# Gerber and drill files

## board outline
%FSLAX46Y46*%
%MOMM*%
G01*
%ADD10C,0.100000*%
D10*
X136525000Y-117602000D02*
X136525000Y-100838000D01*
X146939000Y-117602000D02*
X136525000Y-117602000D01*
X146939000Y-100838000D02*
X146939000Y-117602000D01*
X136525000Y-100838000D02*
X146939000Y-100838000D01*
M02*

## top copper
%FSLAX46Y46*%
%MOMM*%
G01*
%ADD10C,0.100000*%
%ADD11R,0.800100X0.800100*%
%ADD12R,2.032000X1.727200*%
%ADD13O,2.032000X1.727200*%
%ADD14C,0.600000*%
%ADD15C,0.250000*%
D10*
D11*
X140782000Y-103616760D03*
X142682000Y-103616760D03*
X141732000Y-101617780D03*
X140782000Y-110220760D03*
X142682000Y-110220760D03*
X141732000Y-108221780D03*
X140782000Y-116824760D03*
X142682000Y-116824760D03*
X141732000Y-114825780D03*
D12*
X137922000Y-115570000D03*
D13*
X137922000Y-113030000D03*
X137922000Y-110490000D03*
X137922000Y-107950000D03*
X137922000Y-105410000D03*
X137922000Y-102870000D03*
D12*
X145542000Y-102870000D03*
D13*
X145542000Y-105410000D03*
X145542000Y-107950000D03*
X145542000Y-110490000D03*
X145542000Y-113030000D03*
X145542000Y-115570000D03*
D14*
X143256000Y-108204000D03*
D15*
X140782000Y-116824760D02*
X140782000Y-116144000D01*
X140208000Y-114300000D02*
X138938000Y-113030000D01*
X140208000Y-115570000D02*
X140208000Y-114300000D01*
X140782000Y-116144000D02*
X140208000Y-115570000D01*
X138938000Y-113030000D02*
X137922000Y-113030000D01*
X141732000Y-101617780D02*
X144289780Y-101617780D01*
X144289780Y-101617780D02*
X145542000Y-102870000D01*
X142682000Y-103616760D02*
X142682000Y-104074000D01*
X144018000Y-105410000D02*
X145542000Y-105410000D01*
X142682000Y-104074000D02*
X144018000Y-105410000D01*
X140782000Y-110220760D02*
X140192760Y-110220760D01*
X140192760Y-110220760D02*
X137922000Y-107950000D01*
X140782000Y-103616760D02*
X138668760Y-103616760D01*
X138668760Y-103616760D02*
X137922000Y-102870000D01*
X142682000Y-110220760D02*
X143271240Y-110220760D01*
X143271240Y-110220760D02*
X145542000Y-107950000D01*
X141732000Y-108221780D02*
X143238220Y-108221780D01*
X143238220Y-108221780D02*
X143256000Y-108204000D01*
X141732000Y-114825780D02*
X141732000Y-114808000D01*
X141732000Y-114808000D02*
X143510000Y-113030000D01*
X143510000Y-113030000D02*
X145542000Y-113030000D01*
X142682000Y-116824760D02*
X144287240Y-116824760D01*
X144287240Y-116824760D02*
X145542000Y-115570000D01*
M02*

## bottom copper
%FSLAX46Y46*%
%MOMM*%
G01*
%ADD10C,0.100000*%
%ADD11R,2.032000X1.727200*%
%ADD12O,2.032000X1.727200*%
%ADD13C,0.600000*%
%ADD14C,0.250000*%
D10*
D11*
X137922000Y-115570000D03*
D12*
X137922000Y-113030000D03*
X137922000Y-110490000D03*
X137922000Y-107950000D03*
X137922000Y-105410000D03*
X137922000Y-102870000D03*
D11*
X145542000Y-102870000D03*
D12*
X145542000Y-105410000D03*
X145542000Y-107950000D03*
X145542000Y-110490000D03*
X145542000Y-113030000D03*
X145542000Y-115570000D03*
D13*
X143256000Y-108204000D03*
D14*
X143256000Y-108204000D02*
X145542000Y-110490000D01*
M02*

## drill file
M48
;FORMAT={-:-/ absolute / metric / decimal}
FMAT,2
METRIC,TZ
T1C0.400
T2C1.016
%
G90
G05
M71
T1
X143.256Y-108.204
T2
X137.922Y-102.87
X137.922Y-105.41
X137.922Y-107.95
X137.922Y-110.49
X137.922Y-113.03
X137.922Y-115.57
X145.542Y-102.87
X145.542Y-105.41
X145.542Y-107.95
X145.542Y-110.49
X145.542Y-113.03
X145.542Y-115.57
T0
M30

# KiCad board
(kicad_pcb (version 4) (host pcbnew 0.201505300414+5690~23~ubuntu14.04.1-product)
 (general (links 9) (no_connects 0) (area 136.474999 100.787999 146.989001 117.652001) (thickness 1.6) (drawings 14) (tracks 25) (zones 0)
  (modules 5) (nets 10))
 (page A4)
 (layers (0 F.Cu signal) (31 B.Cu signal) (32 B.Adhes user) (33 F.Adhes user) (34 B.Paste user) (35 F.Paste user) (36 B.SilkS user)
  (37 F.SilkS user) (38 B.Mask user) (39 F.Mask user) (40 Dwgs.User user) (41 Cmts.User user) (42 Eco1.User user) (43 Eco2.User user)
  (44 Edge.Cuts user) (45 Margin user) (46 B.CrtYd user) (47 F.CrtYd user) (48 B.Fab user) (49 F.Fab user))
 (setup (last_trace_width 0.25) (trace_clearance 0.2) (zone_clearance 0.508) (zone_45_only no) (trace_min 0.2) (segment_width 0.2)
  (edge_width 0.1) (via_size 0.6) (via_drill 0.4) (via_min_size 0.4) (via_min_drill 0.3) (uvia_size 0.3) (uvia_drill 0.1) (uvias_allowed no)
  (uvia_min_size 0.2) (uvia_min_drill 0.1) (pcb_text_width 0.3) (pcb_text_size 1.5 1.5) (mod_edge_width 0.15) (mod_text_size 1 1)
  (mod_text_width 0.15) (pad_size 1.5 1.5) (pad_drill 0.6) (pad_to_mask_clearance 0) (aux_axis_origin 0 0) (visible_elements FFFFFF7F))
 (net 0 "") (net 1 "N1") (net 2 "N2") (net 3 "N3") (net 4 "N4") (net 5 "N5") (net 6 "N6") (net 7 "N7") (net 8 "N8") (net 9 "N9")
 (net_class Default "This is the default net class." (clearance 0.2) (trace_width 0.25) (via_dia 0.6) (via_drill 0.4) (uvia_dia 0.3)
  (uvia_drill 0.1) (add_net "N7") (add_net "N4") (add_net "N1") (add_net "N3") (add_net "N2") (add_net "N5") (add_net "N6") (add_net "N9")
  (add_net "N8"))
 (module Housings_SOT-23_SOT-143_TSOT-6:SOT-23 (layer F.Cu) (at 141.732 102.616)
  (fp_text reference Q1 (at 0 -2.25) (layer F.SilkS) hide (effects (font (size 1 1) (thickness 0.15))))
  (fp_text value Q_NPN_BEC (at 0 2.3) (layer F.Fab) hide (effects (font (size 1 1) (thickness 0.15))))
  (pad 1 smd rect (at -0.95 1.00076) (size 0.8001 0.8001) (layers F.Cu F.Paste F.Mask) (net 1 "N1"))
  (pad 2 smd rect (at 0.95 1.00076) (size 0.8001 0.8001) (layers F.Cu F.Paste F.Mask) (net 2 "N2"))
  (pad 3 smd rect (at 0 -0.99822) (size 0.8001 0.8001) (layers F.Cu F.Paste F.Mask) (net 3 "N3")))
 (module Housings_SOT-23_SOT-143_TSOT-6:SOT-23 (layer F.Cu) (at 141.732 109.22)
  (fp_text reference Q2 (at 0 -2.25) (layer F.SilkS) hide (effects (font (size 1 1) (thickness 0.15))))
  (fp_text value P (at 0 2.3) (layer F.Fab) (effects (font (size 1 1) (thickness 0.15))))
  (pad 1 smd rect (at -0.95 1.00076) (size 0.8001 0.8001) (layers F.Cu F.Paste F.Mask) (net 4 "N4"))
  (pad 2 smd rect (at 0.95 1.00076) (size 0.8001 0.8001) (layers F.Cu F.Paste F.Mask) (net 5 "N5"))
  (pad 3 smd rect (at 0 -0.99822) (size 0.8001 0.8001) (layers F.Cu F.Paste F.Mask) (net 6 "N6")))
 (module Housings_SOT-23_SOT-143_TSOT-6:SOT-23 (layer F.Cu) (at 141.732 115.824)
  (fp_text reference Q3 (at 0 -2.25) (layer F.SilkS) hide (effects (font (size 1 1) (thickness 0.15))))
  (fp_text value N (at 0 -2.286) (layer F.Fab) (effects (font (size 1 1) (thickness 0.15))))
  (pad 1 smd rect (at -0.95 1.00076) (size 0.8001 0.8001) (layers F.Cu F.Paste F.Mask) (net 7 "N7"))
  (pad 2 smd rect (at 0.95 1.00076) (size 0.8001 0.8001) (layers F.Cu F.Paste F.Mask) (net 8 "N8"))
  (pad 3 smd rect (at 0 -0.99822) (size 0.8001 0.8001) (layers F.Cu F.Paste F.Mask) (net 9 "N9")))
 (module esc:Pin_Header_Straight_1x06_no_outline (layer F.Cu) (at 137.922 115.57 180)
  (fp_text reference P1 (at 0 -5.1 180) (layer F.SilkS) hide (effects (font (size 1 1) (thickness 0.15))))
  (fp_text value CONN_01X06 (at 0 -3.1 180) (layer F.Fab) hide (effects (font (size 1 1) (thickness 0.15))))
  (pad 1 thru_hole rect (at 0 0 180) (size 2.032 1.7272) (drill 1.016) (layers *.Cu *.Mask F.SilkS))
  (pad 2 thru_hole oval (at 0 2.54 180) (size 2.032 1.7272) (drill 1.016) (layers *.Cu *.Mask F.SilkS) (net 7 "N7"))
  (pad 3 thru_hole oval (at 0 5.08 180) (size 2.032 1.7272) (drill 1.016) (layers *.Cu *.Mask F.SilkS))
  (pad 4 thru_hole oval (at 0 7.62 180) (size 2.032 1.7272) (drill 1.016) (layers *.Cu *.Mask F.SilkS) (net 4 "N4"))
  (pad 5 thru_hole oval (at 0 10.16 180) (size 2.032 1.7272) (drill 1.016) (layers *.Cu *.Mask F.SilkS))
  (pad 6 thru_hole oval (at 0 12.7 180) (size 2.032 1.7272) (drill 1.016) (layers *.Cu *.Mask F.SilkS) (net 1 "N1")))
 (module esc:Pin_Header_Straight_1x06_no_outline (layer F.Cu) (at 145.542 102.87)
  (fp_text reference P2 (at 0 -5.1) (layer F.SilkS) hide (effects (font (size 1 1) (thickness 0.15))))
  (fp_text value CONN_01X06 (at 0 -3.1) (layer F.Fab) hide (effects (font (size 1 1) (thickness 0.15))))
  (pad 1 thru_hole rect (at 0 0) (size 2.032 1.7272) (drill 1.016) (layers *.Cu *.Mask F.SilkS) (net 3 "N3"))
  (pad 2 thru_hole oval (at 0 2.54) (size 2.032 1.7272) (drill 1.016) (layers *.Cu *.Mask F.SilkS) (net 2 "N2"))
  (pad 3 thru_hole oval (at 0 5.08) (size 2.032 1.7272) (drill 1.016) (layers *.Cu *.Mask F.SilkS) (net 5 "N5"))
  (pad 4 thru_hole oval (at 0 7.62) (size 2.032 1.7272) (drill 1.016) (layers *.Cu *.Mask F.SilkS) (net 6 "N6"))
  (pad 5 thru_hole oval (at 0 10.16) (size 2.032 1.7272) (drill 1.016) (layers *.Cu *.Mask F.SilkS) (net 9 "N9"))
  (pad 6 thru_hole oval (at 0 12.7) (size 2.032 1.7272) (drill 1.016) (layers *.Cu *.Mask F.SilkS) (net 8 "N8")))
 (gr_line (start 136.525 117.602) (end 136.525 100.838) (angle 90) (layer Edge.Cuts) (width 0.1))
 (gr_line (start 146.939 117.602) (end 136.525 117.602) (angle 90) (layer Edge.Cuts) (width 0.1))
 (gr_line (start 146.939 100.838) (end 146.939 117.602) (angle 90) (layer Edge.Cuts) (width 0.1))
 (gr_line (start 136.525 100.838) (end 146.939 100.838) (angle 90) (layer Edge.Cuts) (width 0.1))
 (segment (start 140.782 116.82476) (end 140.782 116.144) (width 0.25) (layer F.Cu) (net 7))
 (segment (start 140.208 114.3) (end 138.938 113.03) (width 0.25) (layer F.Cu) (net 7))
 (segment (start 140.208 115.57) (end 140.208 114.3) (width 0.25) (layer F.Cu) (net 7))
 (segment (start 140.782 116.144) (end 140.208 115.57) (width 0.25) (layer F.Cu) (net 7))
 (segment (start 138.938 113.03) (end 137.922 113.03) (width 0.25) (layer F.Cu) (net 7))
 (segment (start 141.732 101.61778) (end 144.28978 101.61778) (width 0.25) (layer F.Cu) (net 3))
 (segment (start 144.28978 101.61778) (end 145.542 102.87) (width 0.25) (layer F.Cu) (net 3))
 (segment (start 142.682 103.61676) (end 142.682 104.074) (width 0.25) (layer F.Cu) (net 2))
 (segment (start 144.018 105.41) (end 145.542 105.41) (width 0.25) (layer F.Cu) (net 2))
 (segment (start 142.682 104.074) (end 144.018 105.41) (width 0.25) (layer F.Cu) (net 2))
 (segment (start 140.782 110.22076) (end 140.19276 110.22076) (width 0.25) (layer F.Cu) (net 4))
 (segment (start 140.19276 110.22076) (end 137.922 107.95) (width 0.25) (layer F.Cu) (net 4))
 (segment (start 140.782 103.61676) (end 138.66876 103.61676) (width 0.25) (layer F.Cu) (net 1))
 (segment (start 138.66876 103.61676) (end 137.922 102.87) (width 0.25) (layer F.Cu) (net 1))
 (segment (start 142.682 110.22076) (end 143.27124 110.22076) (width 0.25) (layer F.Cu) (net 5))
 (segment (start 143.27124 110.22076) (end 145.542 107.95) (width 0.25) (layer F.Cu) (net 5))
 (segment (start 141.732 108.22178) (end 143.23822 108.22178) (width 0.25) (layer F.Cu) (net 6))
 (segment (start 143.256 108.204) (end 145.542 110.49) (width 0.25) (layer B.Cu) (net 6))
 (via (at 143.256 108.204) (size 0.6) (layers F.Cu B.Cu) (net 6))
 (segment (start 143.23822 108.22178) (end 143.256 108.204) (width 0.25) (layer F.Cu) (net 6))
 (segment (start 141.732 114.82578) (end 141.732 114.808) (width 0.25) (layer F.Cu) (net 9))
 (segment (start 141.732 114.808) (end 143.51 113.03) (width 0.25) (layer F.Cu) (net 9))
 (segment (start 143.51 113.03) (end 145.542 113.03) (width 0.25) (layer F.Cu) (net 9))
 (segment (start 142.682 116.82476) (end 144.28724 116.82476) (width 0.25) (layer F.Cu) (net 8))
 (segment (start 144.28724 116.82476) (end 145.542 115.57) (width 0.25) (layer F.Cu) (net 8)))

_ _ _ _

● TO DO:
Take the lines above from the one containing "(modules 5) (nets 10))" to the one containing "(edge_width 0.1) (via_size" and retype them exactly, both ends included, with nothing added.

● TASK SOLUTION:
  (modules 5) (nets 10))
 (page A4)
 (layers (0 F.Cu signal) (31 B.Cu signal) (32 B.Adhes user) (33 F.Adhes user) (34 B.Paste user) (35 F.Paste user) (36 B.SilkS user)
  (37 F.SilkS user) (38 B.Mask user) (39 F.Mask user) (40 Dwgs.User user) (41 Cmts.User user) (42 Eco1.User user) (43 Eco2.User user)
  (44 Edge.Cuts user) (45 Margin user) (46 B.CrtYd user) (47 F.CrtYd user) (48 B.Fab user) (49 F.Fab user))
 (setup (last_trace_width 0.25) (trace_clearance 0.2) (zone_clearance 0.508) (zone_45_only no) (trace_min 0.2) (segment_width 0.2)
  (edge_width 0.1) (via_size 0.6) (via_drill 0.4) (via_min_size 0.4) (via_min_drill 0.3) (uvia_size 0.3) (uvia_drill 0.1) (uvias_allowed no)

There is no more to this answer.